» **The problem**
Line by line, reproduce exactly the beginning of the listing below, ending with the line that contains "(kicad_pcb (version 20171130)" and adding nothing.

*** Opening Records supplied ***

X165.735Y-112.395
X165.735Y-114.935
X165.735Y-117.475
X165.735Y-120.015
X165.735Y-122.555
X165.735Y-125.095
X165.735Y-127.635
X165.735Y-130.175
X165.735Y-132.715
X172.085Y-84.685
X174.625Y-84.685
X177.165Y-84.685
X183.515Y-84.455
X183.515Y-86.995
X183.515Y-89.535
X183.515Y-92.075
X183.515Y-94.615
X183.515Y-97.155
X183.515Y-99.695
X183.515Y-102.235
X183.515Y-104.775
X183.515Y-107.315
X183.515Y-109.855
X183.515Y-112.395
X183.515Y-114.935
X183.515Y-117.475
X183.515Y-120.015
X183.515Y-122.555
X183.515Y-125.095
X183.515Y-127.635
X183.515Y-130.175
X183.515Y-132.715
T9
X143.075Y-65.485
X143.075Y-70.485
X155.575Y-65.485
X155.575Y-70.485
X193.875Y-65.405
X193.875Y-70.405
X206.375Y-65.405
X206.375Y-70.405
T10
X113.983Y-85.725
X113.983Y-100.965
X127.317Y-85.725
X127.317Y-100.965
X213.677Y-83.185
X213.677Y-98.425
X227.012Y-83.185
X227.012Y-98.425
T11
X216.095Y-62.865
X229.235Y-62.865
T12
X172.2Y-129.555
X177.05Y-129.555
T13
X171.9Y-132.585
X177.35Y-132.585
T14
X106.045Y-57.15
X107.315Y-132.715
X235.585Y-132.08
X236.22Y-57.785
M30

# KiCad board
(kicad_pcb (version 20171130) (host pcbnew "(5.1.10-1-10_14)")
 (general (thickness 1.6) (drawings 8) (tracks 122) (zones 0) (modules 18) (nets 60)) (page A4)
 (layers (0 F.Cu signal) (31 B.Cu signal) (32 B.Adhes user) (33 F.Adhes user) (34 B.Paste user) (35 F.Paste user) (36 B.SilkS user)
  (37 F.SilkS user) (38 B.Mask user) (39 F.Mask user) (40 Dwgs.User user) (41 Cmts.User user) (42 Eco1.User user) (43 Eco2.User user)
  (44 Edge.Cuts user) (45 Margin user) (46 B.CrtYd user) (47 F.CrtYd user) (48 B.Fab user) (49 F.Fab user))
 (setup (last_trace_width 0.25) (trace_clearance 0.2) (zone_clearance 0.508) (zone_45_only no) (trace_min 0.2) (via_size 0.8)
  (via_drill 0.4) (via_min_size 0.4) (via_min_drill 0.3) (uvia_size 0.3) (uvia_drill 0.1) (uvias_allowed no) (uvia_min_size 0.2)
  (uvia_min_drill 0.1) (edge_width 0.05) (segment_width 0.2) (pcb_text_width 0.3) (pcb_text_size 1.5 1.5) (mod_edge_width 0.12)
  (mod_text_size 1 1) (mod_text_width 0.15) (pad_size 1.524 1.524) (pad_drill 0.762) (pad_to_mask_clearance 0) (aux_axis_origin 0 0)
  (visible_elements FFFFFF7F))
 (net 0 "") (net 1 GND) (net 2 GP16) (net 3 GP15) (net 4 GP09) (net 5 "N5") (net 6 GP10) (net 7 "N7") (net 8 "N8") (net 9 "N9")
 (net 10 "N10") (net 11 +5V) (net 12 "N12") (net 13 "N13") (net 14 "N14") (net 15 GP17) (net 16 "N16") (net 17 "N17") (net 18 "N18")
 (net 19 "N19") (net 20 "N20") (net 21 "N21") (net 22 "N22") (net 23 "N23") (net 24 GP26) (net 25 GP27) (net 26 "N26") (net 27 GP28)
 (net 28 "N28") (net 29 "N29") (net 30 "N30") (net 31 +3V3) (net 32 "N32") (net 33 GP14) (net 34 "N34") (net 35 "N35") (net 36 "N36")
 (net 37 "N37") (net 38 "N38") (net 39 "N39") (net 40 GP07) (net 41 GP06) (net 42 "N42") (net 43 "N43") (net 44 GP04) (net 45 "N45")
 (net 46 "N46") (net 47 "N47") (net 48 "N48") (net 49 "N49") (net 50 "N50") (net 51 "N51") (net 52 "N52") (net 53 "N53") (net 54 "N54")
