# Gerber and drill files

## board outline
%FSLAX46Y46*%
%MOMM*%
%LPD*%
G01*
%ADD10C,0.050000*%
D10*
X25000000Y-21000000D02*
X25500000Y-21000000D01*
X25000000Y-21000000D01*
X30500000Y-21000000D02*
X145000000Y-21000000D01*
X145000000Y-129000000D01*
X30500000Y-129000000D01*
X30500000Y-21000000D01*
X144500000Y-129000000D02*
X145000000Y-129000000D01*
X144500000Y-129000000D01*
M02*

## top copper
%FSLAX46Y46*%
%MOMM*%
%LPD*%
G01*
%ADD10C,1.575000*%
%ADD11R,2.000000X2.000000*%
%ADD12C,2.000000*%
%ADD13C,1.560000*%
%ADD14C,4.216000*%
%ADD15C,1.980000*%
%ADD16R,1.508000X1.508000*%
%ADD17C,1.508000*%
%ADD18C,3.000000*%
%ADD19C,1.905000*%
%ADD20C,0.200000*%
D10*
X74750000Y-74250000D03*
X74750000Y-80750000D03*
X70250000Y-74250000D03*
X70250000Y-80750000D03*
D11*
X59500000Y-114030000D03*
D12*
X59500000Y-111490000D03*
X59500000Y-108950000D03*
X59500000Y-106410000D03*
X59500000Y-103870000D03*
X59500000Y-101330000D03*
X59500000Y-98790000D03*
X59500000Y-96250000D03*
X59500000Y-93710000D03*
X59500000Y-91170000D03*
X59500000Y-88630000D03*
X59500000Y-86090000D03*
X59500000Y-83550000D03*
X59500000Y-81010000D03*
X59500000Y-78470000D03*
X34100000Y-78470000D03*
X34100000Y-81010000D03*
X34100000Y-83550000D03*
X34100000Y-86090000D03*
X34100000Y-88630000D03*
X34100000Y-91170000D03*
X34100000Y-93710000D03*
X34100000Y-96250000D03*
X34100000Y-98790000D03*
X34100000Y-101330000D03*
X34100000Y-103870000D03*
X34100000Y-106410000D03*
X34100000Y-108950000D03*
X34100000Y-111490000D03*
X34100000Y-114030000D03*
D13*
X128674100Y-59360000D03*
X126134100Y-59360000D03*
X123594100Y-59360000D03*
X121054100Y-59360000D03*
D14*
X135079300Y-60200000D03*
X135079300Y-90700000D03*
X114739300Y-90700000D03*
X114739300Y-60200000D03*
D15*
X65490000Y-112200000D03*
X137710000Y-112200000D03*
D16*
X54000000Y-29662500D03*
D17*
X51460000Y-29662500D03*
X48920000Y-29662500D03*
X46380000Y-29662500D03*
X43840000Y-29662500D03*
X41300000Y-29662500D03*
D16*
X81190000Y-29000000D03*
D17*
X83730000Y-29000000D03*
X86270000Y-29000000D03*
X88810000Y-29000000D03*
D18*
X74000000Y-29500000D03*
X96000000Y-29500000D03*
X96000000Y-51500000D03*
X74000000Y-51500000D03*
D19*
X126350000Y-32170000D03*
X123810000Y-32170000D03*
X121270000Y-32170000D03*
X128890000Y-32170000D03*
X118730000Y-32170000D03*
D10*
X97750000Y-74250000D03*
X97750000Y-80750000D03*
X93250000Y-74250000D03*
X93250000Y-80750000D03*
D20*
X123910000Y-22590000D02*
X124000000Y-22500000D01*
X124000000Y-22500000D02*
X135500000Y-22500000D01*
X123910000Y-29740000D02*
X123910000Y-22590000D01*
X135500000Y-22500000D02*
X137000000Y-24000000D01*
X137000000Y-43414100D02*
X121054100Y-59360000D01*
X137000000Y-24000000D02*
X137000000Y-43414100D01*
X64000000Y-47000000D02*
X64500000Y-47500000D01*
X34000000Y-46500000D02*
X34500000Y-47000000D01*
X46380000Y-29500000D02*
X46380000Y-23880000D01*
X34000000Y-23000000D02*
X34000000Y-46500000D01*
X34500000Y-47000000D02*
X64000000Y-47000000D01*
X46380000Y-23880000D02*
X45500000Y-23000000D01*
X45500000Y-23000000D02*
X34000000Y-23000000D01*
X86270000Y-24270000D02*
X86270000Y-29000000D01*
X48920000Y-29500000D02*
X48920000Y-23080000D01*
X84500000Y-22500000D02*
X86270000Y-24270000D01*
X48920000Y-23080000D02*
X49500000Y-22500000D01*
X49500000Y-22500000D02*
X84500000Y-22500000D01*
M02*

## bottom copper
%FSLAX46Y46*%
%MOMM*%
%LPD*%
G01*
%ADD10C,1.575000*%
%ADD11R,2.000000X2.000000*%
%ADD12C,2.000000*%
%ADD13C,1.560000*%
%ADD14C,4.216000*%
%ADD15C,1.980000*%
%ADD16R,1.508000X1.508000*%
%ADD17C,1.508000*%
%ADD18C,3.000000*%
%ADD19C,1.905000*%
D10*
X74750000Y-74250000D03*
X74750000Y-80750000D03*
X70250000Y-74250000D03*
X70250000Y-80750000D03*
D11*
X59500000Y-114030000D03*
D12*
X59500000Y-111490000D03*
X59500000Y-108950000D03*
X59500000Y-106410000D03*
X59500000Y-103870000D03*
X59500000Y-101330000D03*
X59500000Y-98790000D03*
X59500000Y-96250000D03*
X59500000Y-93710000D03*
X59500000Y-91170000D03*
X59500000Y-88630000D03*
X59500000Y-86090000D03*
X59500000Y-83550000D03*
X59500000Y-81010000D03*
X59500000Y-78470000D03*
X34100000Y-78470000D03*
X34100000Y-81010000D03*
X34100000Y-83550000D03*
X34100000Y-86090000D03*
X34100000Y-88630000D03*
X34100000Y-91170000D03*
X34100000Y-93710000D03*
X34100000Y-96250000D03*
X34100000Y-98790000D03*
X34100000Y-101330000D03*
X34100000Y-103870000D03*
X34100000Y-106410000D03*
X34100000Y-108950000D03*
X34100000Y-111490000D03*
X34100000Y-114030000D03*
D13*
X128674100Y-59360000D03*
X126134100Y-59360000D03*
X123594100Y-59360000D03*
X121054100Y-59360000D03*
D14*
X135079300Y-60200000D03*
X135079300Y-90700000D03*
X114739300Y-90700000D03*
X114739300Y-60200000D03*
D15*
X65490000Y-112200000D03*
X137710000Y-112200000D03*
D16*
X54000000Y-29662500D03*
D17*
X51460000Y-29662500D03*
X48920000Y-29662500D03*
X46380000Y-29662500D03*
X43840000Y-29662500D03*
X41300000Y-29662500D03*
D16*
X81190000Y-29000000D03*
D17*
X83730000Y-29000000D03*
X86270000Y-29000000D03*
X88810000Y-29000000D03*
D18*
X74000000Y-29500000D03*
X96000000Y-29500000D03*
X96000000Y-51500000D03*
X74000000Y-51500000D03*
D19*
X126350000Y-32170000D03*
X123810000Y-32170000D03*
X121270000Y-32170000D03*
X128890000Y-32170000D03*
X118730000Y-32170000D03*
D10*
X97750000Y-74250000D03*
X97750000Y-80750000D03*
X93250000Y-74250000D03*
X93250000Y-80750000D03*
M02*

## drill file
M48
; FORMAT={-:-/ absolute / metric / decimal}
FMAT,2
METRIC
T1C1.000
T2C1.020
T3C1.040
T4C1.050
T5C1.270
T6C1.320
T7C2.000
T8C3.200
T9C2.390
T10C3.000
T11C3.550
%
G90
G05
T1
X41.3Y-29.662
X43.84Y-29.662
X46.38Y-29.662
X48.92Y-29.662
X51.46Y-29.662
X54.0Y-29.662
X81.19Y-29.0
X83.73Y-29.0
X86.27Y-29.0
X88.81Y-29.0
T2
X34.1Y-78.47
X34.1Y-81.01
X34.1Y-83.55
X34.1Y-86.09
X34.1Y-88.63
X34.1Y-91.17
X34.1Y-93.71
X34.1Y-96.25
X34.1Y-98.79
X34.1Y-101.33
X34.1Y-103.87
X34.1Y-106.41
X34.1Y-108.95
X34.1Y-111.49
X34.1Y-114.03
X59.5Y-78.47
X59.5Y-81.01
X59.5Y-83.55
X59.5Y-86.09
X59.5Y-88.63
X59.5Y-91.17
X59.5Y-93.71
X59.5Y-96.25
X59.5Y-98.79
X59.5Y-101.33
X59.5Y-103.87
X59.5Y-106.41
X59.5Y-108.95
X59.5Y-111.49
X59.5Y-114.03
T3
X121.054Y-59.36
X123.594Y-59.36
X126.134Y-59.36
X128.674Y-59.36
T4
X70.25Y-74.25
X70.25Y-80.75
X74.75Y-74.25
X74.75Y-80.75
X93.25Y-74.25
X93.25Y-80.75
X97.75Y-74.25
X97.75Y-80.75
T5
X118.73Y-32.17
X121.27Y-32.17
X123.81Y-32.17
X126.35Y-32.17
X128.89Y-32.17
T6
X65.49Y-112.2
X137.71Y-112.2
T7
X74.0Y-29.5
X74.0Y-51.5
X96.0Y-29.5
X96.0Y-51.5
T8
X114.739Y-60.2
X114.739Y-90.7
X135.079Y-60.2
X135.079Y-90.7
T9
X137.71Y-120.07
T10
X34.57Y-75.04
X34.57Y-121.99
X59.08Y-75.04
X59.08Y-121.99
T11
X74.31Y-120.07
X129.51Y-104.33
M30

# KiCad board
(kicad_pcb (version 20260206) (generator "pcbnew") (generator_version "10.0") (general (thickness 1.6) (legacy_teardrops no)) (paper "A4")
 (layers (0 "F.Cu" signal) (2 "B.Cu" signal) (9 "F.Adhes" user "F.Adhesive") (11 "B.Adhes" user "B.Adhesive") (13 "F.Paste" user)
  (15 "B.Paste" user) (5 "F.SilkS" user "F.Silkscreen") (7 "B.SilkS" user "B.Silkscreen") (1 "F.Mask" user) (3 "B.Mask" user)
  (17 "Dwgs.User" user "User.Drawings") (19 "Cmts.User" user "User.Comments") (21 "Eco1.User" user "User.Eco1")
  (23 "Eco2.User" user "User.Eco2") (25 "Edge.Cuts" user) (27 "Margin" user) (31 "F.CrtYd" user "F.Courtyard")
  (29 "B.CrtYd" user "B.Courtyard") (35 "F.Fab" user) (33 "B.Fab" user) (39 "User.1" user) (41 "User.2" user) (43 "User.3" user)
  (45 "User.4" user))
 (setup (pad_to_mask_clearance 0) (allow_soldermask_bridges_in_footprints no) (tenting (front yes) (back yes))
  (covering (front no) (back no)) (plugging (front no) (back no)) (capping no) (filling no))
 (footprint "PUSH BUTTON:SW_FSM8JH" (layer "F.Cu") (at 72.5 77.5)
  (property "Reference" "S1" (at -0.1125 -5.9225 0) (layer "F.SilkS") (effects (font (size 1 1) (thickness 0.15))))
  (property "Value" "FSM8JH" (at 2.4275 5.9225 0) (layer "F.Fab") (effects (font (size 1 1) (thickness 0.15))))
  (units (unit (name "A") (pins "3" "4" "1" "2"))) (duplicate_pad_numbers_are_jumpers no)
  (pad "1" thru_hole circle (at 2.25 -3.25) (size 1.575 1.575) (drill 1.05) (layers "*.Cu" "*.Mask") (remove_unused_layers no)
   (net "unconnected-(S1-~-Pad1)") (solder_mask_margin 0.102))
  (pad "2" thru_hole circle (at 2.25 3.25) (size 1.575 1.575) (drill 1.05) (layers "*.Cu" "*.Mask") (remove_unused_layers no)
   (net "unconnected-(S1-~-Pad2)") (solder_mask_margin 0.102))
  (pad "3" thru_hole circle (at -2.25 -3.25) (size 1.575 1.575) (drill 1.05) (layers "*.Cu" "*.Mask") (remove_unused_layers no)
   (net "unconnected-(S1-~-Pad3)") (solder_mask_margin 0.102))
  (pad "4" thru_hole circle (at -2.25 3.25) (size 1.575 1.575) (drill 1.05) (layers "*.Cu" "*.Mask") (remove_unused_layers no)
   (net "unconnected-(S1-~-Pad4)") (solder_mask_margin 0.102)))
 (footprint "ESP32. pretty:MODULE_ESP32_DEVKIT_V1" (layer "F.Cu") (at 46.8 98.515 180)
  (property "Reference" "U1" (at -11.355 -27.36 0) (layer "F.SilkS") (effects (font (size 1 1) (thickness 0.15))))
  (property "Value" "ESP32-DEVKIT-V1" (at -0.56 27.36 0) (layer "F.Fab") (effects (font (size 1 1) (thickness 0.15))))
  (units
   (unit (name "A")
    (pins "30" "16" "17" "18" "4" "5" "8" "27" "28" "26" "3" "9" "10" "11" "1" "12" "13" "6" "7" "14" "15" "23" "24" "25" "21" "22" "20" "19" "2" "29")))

*** Closing Records supplied ***

» **Answer to this problem**
X165.735Y-112.395
X165.735Y-114.935
X165.735Y-117.475
X165.735Y-120.015
X165.735Y-122.555
X165.735Y-125.095
X165.735Y-127.635
X165.735Y-130.175
X165.735Y-132.715
X172.085Y-84.685
X174.625Y-84.685
X177.165Y-84.685
X183.515Y-84.455
X183.515Y-86.995
X183.515Y-89.535
X183.515Y-92.075
X183.515Y-94.615
X183.515Y-97.155
X183.515Y-99.695
X183.515Y-102.235
X183.515Y-104.775
X183.515Y-107.315
X183.515Y-109.855
X183.515Y-112.395
X183.515Y-114.935
X183.515Y-117.475
X183.515Y-120.015
X183.515Y-122.555
X183.515Y-125.095
X183.515Y-127.635
X183.515Y-130.175
X183.515Y-132.715
T9
X143.075Y-65.485
X143.075Y-70.485
X155.575Y-65.485
X155.575Y-70.485
X193.875Y-65.405
X193.875Y-70.405
X206.375Y-65.405
X206.375Y-70.405
T10
X113.983Y-85.725
X113.983Y-100.965
X127.317Y-85.725
X127.317Y-100.965
X213.677Y-83.185
X213.677Y-98.425
X227.012Y-83.185
X227.012Y-98.425
T11
X216.095Y-62.865
X229.235Y-62.865
T12
X172.2Y-129.555
X177.05Y-129.555
T13
X171.9Y-132.585
X177.35Y-132.585
T14
X106.045Y-57.15
X107.315Y-132.715
X235.585Y-132.08
X236.22Y-57.785
M30

# KiCad board
(kicad_pcb (version 20171130) (host pcbnew "(5.1.10-1-10_14)")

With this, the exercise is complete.